■ WHAT TO WORK ON
The answer must consist of each line below that contains the string "circle".

=== Section Start ===

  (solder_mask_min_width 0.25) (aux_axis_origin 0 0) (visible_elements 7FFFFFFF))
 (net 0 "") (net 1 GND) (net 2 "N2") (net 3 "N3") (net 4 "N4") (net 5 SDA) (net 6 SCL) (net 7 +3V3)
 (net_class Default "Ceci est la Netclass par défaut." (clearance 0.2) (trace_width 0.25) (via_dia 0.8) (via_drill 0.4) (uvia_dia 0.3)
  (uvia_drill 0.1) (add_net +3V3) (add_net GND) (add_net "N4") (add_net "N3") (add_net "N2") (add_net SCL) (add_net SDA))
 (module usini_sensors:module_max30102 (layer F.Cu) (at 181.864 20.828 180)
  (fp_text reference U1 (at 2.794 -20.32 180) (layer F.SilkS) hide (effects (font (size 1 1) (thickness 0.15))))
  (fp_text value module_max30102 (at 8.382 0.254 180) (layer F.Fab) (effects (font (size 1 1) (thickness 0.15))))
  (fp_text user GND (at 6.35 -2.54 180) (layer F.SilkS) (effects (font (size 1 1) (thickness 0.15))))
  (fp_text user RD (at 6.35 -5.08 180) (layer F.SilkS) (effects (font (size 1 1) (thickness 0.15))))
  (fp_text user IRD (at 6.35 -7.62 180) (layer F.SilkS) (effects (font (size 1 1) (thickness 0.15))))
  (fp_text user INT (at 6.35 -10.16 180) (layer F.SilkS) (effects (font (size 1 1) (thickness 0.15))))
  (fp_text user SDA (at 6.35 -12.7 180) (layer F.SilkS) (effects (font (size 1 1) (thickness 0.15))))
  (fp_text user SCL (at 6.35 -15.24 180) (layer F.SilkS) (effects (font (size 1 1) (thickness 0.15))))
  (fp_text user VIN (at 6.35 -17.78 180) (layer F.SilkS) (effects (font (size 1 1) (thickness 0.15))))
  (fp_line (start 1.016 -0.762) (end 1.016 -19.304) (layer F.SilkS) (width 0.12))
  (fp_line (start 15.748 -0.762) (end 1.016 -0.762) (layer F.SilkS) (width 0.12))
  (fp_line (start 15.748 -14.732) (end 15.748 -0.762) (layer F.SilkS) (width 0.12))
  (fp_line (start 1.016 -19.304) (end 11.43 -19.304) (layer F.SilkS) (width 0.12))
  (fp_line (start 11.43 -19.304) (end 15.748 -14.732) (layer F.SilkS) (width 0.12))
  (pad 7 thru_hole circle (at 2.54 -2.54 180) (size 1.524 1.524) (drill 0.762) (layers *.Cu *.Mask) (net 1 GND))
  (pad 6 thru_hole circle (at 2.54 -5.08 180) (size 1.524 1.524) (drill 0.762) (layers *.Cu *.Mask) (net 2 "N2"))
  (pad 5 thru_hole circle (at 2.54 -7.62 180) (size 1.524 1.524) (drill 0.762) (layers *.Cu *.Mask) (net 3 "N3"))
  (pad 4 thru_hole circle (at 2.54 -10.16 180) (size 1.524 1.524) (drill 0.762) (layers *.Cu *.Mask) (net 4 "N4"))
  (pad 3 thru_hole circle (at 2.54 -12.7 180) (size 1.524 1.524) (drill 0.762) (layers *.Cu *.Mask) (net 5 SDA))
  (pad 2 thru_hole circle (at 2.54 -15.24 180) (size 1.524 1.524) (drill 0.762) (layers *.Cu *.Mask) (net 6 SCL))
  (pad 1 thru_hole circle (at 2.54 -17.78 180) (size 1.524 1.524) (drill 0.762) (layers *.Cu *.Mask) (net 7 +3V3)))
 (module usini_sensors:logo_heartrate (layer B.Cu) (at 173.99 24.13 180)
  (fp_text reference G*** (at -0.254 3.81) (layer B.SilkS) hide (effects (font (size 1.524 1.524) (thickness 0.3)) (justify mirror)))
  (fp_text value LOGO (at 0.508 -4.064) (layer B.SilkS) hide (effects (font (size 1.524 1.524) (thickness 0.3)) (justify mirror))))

=== Section End ===

■ RESULT FOR THIS EXERCISE
  (pad 7 thru_hole circle (at 2.54 -2.54 180) (size 1.524 1.524) (drill 0.762) (layers *.Cu *.Mask) (net 1 GND))
  (pad 6 thru_hole circle (at 2.54 -5.08 180) (size 1.524 1.524) (drill 0.762) (layers *.Cu *.Mask) (net 2 "N2"))
  (pad 5 thru_hole circle (at 2.54 -7.62 180) (size 1.524 1.524) (drill 0.762) (layers *.Cu *.Mask) (net 3 "N3"))
  (pad 4 thru_hole circle (at 2.54 -10.16 180) (size 1.524 1.524) (drill 0.762) (layers *.Cu *.Mask) (net 4 "N4"))
  (pad 3 thru_hole circle (at 2.54 -12.7 180) (size 1.524 1.524) (drill 0.762) (layers *.Cu *.Mask) (net 5 SDA))
  (pad 2 thru_hole circle (at 2.54 -15.24 180) (size 1.524 1.524) (drill 0.762) (layers *.Cu *.Mask) (net 6 SCL))
  (pad 1 thru_hole circle (at 2.54 -17.78 180) (size 1.524 1.524) (drill 0.762) (layers *.Cu *.Mask) (net 7 +3V3)))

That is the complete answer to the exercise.